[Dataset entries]
┄┄┄┄┄┄┄┄┄┄┄┄┄┄┄┄┄┄┄┄

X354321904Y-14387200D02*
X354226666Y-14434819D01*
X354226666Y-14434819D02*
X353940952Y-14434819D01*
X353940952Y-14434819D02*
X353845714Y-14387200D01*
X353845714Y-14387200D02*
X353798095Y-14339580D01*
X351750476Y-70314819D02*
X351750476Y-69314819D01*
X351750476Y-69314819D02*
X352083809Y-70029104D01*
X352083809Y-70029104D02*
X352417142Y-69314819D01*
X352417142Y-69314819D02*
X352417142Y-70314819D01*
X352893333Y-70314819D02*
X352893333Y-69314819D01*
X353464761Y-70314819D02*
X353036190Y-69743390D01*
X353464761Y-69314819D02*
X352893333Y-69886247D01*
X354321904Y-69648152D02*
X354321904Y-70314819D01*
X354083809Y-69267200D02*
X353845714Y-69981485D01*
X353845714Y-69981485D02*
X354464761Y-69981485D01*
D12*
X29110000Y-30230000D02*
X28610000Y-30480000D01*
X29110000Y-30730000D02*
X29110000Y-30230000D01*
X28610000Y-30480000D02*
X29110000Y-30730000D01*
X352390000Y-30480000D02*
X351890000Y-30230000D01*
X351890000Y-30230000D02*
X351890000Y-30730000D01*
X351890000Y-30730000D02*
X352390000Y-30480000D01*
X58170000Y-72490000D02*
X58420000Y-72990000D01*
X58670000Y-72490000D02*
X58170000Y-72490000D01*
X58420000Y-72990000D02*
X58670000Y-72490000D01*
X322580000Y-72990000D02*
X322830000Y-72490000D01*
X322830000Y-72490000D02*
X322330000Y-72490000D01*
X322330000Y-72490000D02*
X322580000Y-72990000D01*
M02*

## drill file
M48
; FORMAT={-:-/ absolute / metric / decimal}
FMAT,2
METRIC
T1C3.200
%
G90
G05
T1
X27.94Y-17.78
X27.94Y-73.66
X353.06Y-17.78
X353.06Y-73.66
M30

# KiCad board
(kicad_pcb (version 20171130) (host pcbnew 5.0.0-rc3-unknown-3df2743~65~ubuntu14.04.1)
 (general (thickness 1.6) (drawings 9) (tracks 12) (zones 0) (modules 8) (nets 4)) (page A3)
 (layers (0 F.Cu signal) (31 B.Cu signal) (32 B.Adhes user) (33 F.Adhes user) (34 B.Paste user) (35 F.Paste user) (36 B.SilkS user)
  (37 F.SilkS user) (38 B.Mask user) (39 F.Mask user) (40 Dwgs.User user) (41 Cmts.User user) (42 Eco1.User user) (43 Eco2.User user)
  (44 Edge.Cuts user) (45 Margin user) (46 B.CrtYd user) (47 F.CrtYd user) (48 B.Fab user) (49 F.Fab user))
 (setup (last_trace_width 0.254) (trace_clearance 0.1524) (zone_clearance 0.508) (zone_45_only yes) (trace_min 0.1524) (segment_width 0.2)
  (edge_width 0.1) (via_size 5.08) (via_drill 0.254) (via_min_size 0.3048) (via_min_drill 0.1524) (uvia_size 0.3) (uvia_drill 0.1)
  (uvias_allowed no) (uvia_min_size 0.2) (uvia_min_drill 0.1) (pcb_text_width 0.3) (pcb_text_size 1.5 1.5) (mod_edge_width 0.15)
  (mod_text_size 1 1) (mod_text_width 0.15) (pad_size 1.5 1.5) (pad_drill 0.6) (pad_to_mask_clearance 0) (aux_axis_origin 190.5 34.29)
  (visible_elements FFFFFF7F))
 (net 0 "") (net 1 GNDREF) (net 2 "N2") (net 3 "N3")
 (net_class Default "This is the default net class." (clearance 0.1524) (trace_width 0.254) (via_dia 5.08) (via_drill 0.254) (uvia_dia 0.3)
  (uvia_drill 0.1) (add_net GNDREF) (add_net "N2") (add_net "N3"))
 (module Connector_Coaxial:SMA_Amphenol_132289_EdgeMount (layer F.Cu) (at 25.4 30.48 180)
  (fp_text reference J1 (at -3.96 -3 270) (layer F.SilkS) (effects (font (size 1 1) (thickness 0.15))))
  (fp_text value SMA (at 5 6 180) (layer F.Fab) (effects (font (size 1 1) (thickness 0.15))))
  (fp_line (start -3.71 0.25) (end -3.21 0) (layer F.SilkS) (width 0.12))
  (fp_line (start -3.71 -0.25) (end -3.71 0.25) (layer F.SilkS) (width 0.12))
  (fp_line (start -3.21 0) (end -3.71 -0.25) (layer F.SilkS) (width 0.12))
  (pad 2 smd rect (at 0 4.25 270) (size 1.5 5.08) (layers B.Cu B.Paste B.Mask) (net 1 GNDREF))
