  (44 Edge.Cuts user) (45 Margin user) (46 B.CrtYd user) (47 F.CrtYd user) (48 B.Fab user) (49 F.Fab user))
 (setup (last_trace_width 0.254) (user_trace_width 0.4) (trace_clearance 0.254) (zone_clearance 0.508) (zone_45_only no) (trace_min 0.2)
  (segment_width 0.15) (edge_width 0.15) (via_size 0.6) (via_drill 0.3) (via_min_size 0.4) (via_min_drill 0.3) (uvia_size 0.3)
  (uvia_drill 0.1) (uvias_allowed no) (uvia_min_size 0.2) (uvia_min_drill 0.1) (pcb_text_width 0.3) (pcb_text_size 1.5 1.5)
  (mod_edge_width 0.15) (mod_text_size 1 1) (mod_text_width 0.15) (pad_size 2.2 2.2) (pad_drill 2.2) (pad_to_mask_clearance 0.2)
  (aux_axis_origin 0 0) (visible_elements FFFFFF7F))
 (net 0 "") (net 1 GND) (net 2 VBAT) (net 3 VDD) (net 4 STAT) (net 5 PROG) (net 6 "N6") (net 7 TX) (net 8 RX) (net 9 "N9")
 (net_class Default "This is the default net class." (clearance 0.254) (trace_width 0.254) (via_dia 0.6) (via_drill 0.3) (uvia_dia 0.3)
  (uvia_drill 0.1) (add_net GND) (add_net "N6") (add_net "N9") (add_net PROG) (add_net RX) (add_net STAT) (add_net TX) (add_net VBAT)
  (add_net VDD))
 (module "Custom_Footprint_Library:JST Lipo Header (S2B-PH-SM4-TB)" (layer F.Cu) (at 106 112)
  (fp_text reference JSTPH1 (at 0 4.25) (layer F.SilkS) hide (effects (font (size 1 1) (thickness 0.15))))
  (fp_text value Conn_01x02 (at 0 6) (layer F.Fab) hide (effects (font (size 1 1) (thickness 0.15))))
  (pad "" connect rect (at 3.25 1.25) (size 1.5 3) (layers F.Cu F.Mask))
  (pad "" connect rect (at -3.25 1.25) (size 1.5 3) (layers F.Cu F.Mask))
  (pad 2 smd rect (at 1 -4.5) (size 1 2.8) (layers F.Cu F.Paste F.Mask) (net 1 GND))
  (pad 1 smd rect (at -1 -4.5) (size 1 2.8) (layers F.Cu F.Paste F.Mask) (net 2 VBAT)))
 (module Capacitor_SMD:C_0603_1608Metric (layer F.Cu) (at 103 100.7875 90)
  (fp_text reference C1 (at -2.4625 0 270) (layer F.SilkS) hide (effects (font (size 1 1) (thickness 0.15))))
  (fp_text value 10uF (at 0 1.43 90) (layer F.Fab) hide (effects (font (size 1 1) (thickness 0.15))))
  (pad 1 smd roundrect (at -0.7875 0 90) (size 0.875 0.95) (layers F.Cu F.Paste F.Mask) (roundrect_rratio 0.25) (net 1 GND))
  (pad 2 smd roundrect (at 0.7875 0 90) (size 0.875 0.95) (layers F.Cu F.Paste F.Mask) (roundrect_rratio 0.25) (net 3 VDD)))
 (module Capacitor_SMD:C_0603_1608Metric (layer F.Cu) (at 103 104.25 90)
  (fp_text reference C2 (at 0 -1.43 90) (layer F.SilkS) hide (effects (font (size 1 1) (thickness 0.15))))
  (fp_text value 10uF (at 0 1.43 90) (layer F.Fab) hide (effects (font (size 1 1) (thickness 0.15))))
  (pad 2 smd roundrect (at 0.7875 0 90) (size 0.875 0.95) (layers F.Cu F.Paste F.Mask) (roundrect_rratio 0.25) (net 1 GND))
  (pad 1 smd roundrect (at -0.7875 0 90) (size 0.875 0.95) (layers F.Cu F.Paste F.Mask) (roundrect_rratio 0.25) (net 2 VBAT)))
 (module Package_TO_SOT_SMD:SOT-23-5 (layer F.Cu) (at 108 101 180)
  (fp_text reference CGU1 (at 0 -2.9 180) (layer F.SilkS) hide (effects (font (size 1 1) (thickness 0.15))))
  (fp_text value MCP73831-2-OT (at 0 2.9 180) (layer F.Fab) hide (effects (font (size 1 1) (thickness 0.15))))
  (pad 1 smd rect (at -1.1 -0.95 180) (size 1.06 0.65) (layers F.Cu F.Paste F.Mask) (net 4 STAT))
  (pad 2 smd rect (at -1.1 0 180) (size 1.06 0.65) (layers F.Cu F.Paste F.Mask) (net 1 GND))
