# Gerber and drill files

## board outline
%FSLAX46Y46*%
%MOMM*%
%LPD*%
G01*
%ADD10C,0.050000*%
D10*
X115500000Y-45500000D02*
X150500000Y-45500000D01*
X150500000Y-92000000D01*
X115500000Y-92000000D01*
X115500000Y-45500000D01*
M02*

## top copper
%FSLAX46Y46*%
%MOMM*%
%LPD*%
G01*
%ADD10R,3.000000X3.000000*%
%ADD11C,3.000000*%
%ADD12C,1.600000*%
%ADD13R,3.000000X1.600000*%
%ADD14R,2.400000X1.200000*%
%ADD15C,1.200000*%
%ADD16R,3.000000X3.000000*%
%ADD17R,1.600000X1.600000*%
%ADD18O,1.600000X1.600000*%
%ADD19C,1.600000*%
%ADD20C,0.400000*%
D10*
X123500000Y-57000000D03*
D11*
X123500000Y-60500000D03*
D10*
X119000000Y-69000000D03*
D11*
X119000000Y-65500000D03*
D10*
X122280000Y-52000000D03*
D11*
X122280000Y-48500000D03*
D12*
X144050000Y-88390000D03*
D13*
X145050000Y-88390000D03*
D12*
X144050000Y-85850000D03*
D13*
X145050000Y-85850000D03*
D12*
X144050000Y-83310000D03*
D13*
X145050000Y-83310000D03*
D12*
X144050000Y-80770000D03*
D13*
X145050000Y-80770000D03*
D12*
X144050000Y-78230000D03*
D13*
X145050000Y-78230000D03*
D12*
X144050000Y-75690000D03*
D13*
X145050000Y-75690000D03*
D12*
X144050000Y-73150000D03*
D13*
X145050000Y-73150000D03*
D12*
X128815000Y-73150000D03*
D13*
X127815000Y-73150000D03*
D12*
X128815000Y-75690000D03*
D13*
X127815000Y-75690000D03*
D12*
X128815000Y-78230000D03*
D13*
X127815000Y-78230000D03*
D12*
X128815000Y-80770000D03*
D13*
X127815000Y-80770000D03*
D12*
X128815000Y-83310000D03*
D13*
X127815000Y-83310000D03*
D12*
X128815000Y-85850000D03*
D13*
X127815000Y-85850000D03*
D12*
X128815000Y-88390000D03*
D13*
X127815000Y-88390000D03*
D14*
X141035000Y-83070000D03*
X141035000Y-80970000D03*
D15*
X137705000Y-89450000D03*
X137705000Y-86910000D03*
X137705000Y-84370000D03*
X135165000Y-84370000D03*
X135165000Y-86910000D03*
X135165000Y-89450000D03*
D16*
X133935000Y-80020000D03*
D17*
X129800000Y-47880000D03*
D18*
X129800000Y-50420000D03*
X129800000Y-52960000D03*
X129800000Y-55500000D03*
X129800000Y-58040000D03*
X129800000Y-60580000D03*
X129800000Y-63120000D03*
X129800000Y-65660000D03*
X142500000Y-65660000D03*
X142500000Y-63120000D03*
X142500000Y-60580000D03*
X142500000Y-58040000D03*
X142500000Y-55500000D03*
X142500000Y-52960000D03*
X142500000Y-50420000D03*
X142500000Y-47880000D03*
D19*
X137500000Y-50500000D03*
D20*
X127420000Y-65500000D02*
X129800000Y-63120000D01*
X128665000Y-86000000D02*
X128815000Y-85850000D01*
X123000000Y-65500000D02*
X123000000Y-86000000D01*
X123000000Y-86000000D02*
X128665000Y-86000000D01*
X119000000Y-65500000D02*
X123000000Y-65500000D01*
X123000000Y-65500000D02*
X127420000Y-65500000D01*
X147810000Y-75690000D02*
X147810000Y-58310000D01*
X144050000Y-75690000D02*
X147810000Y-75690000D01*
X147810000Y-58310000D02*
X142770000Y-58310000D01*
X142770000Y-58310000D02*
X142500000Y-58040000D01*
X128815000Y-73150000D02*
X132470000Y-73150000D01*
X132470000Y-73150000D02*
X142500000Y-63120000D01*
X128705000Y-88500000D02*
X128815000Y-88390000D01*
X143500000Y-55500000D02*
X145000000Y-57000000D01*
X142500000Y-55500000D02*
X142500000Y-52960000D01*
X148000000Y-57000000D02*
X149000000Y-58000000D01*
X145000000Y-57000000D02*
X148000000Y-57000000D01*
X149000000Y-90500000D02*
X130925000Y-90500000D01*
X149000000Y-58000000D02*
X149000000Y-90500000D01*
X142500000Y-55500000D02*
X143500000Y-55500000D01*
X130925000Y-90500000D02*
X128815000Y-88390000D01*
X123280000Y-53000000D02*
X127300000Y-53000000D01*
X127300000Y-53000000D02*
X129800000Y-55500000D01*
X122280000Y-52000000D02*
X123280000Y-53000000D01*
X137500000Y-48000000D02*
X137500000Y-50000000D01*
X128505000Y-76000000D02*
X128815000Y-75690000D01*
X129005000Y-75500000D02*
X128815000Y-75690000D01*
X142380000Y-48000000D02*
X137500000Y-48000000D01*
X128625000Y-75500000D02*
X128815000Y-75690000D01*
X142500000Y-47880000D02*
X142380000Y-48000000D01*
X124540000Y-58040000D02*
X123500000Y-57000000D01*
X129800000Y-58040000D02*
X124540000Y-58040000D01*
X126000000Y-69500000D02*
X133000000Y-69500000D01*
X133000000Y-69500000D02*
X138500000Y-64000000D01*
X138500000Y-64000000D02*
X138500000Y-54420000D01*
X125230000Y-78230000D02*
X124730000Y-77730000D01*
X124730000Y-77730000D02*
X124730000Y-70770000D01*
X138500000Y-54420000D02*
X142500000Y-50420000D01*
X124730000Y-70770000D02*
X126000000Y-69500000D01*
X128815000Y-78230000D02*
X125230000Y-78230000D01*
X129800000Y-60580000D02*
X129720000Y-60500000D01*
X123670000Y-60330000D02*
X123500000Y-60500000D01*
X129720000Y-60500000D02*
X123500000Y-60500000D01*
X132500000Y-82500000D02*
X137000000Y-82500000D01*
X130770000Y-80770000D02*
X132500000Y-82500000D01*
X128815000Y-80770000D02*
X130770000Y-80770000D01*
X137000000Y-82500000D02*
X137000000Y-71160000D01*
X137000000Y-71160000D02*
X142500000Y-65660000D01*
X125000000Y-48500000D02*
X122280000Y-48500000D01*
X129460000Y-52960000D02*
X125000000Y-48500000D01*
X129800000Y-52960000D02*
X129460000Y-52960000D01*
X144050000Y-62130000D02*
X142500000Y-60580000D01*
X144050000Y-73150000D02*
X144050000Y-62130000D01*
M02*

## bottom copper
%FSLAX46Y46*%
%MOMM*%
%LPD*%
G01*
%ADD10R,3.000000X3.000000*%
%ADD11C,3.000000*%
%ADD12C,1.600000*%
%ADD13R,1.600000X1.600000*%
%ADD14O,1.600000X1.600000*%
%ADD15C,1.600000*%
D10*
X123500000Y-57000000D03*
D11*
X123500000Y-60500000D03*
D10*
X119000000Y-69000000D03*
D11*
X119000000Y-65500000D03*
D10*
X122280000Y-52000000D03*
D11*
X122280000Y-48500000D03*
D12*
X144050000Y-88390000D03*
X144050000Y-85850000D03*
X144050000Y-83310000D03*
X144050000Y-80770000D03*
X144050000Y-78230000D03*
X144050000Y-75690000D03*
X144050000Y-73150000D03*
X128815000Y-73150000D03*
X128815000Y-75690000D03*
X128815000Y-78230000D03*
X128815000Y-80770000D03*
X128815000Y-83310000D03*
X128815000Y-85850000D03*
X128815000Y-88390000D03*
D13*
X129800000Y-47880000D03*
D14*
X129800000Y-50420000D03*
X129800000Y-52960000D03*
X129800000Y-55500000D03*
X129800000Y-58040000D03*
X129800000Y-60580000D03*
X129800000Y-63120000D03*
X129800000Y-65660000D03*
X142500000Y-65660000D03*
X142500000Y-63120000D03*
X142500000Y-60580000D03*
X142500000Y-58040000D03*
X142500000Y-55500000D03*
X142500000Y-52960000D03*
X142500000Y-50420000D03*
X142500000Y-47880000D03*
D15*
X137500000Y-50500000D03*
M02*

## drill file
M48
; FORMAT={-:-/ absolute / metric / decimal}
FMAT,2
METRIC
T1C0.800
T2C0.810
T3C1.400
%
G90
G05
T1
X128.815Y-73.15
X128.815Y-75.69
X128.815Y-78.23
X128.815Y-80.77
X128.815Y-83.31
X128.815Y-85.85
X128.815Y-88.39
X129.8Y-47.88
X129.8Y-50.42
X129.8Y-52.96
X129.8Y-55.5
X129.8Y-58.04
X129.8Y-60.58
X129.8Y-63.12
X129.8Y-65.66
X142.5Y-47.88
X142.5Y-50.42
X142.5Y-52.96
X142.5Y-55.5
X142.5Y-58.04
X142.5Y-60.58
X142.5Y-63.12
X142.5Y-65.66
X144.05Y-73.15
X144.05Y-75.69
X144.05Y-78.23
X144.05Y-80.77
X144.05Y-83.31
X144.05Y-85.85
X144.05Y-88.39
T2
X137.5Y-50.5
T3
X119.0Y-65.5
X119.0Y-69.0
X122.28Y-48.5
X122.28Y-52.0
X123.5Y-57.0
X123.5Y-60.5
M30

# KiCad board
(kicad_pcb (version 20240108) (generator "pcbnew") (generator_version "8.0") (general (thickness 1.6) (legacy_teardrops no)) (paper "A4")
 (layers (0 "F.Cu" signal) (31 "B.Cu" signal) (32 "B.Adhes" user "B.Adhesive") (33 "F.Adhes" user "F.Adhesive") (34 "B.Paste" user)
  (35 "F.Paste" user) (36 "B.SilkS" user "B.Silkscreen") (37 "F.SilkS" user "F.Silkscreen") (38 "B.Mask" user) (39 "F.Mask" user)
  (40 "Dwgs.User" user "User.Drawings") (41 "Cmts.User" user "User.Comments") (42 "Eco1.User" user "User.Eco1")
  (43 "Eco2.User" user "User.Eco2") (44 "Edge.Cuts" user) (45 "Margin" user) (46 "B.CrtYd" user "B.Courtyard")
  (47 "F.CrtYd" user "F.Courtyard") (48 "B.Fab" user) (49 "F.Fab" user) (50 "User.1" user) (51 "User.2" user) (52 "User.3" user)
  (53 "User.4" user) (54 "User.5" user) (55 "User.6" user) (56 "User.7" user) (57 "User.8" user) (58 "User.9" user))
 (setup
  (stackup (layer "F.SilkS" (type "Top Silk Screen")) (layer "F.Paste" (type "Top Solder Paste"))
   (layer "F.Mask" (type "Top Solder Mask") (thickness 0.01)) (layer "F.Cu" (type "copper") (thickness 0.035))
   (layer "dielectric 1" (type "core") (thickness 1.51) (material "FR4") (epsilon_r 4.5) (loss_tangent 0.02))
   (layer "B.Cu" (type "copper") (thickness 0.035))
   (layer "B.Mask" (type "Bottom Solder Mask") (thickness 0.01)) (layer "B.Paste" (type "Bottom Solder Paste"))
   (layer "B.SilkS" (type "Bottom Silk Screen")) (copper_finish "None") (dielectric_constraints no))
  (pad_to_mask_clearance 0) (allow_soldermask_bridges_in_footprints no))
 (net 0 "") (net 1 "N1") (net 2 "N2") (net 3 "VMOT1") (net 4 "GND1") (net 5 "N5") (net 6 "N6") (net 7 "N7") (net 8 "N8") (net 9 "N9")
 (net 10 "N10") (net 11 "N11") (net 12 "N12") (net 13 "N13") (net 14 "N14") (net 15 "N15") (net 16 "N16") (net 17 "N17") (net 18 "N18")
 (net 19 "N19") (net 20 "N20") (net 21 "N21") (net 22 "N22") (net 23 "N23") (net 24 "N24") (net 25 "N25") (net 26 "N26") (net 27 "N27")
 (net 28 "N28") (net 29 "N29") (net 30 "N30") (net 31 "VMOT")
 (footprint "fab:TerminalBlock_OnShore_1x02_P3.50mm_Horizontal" (layer "F.Cu") (at 123.5 57 -90)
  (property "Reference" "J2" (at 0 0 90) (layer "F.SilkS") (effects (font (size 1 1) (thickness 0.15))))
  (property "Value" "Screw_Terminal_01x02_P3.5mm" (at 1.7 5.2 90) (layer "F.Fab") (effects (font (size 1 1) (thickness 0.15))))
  (pad "1" thru_hole rect (at 0 0 270) (size 3 3) (drill 1.4) (layers "*.Cu" "*.Mask") (remove_unused_layers no) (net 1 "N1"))
  (pad "2" thru_hole circle (at 3.5 0 270) (size 3 3) (drill 1.4) (layers "*.Cu" "*.Mask") (remove_unused_layers no) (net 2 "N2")))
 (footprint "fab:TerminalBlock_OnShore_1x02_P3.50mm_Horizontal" (layer "F.Cu") (at 119 69 90)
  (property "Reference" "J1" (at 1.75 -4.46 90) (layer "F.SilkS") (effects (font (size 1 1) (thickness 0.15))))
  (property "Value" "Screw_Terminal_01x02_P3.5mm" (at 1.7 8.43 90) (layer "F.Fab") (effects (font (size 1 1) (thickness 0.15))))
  (pad "1" thru_hole rect (at 0 0 90) (size 3 3) (drill 1.4) (layers "*.Cu" "*.Mask") (remove_unused_layers no) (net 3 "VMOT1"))
  (pad "2" thru_hole circle (at 3.5 0 90) (size 3 3) (drill 1.4) (layers "*.Cu" "*.Mask") (remove_unused_layers no) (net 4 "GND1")))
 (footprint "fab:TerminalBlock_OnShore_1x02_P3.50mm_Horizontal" (layer "F.Cu") (at 122.28 52 90)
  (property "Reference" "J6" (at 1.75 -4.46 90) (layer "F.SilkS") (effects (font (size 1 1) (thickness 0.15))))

┄┄┄┄┄┄┄┄┄┄┄┄┄┄┄┄┄┄┄┄

Only those lines of the entries above that run from the line containing "X149000000Y-90500000D01*" to the line containing "X122280000Y-52000000D02*", both included, should be transcribed exactly.

◆ RESPONSE TO THIS TASK ◆
X149000000Y-90500000D01*
X142500000Y-55500000D02*
X143500000Y-55500000D01*
X130925000Y-90500000D02*
X128815000Y-88390000D01*
X123280000Y-53000000D02*
X127300000Y-53000000D01*
X127300000Y-53000000D02*
X129800000Y-55500000D01*
X122280000Y-52000000D02*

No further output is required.